*Material shown*
---

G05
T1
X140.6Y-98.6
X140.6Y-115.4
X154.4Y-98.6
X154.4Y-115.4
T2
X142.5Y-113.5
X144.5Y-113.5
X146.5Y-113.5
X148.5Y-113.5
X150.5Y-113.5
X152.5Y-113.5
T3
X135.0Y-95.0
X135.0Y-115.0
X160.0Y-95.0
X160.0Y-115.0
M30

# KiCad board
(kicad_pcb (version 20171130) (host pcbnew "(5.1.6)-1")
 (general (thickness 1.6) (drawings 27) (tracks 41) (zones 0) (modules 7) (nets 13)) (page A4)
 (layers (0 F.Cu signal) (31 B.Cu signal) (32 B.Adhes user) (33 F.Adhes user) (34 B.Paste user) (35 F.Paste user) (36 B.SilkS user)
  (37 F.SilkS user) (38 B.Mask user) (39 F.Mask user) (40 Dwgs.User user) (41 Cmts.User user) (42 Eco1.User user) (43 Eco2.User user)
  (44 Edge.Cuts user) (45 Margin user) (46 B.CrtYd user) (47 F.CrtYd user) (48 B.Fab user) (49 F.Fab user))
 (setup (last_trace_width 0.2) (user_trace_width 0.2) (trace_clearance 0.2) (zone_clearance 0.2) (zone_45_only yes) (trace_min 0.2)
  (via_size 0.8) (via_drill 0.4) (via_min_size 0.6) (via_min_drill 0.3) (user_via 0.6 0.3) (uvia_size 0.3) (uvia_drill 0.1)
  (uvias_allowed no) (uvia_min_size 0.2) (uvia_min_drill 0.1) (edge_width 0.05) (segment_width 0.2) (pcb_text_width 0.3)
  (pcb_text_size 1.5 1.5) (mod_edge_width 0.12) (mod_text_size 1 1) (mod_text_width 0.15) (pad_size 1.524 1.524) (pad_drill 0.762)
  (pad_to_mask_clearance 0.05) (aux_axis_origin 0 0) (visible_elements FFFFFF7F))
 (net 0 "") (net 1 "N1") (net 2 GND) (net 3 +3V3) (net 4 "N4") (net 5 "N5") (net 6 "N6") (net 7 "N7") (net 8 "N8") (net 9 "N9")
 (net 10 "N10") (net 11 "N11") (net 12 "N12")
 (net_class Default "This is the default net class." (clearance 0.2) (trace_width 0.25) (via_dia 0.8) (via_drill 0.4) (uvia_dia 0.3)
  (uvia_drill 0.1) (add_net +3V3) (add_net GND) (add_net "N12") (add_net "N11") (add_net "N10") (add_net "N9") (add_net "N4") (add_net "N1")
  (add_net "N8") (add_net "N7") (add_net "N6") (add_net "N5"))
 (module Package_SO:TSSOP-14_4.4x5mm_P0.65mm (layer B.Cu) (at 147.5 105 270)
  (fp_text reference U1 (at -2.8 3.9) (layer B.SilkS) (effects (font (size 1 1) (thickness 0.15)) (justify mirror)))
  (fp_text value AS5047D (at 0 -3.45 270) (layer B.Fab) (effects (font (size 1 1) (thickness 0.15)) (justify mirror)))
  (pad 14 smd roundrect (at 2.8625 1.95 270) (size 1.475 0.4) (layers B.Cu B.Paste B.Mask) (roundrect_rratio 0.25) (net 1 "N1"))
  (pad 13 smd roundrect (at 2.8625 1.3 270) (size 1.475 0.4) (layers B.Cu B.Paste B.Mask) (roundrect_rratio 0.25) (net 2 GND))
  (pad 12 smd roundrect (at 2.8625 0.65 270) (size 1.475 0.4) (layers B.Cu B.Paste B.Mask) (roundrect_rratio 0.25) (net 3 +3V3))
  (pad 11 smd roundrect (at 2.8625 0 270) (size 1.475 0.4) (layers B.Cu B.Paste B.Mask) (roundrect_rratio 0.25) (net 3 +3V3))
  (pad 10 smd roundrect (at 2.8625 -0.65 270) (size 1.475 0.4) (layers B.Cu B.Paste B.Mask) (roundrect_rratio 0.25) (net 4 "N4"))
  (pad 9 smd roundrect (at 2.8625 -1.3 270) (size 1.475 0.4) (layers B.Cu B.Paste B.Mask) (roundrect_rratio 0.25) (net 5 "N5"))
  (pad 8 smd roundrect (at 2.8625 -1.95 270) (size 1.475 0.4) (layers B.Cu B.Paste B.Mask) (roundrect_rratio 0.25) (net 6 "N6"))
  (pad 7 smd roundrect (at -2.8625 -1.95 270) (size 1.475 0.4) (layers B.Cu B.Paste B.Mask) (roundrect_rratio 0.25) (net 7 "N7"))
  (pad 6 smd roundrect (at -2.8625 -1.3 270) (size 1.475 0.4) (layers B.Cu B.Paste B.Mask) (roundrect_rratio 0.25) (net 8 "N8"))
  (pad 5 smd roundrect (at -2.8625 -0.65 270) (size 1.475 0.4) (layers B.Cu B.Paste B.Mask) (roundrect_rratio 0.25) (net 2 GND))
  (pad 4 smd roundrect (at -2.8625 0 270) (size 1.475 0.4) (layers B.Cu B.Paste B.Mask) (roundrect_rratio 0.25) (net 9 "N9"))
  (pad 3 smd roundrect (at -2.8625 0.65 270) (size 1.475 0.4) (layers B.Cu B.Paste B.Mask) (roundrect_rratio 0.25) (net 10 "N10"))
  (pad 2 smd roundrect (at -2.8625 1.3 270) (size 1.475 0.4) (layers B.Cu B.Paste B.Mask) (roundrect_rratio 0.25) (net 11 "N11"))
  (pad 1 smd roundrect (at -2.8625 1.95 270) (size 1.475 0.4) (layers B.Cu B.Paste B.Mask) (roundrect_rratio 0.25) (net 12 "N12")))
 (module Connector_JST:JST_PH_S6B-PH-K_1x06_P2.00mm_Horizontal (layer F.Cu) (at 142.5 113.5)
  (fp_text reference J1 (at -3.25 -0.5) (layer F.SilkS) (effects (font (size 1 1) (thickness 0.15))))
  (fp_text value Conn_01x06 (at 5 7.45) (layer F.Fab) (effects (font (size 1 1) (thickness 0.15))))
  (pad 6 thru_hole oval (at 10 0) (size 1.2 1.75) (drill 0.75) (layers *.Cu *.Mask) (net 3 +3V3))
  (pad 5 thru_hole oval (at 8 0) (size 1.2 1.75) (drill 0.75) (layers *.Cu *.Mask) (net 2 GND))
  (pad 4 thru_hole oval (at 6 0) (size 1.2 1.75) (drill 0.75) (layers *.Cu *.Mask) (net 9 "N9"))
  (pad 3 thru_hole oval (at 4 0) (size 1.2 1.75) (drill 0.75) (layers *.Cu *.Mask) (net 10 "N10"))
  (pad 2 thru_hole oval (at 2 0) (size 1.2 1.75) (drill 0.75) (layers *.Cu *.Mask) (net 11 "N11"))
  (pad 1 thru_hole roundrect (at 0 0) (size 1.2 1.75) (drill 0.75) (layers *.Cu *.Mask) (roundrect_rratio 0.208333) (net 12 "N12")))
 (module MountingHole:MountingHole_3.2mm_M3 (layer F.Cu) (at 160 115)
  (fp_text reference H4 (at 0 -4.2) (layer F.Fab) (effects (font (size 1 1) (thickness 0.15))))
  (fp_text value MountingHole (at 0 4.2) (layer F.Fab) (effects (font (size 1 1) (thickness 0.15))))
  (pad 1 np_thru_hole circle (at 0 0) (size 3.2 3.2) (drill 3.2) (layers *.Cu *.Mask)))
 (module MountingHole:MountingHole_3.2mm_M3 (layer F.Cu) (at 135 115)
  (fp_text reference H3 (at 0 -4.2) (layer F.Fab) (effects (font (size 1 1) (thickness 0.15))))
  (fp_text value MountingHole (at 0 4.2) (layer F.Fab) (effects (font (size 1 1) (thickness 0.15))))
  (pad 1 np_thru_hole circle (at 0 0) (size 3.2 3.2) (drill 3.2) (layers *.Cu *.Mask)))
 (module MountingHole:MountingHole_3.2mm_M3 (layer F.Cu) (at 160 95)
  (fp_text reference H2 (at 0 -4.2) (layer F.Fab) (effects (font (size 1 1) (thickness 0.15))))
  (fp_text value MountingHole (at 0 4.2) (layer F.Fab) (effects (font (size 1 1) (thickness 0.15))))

---

*Aim of the exercise*
Give the exact lines, and only those, from the line containing "(fp_text reference J1" through the line containing "(pad 5 thru_hole" in the entries above.

*Response below*
  (fp_text reference J1 (at -3.25 -0.5) (layer F.SilkS) (effects (font (size 1 1) (thickness 0.15))))
  (fp_text value Conn_01x06 (at 5 7.45) (layer F.Fab) (effects (font (size 1 1) (thickness 0.15))))
  (pad 6 thru_hole oval (at 10 0) (size 1.2 1.75) (drill 0.75) (layers *.Cu *.Mask) (net 3 +3V3))
  (pad 5 thru_hole oval (at 8 0) (size 1.2 1.75) (drill 0.75) (layers *.Cu *.Mask) (net 2 GND))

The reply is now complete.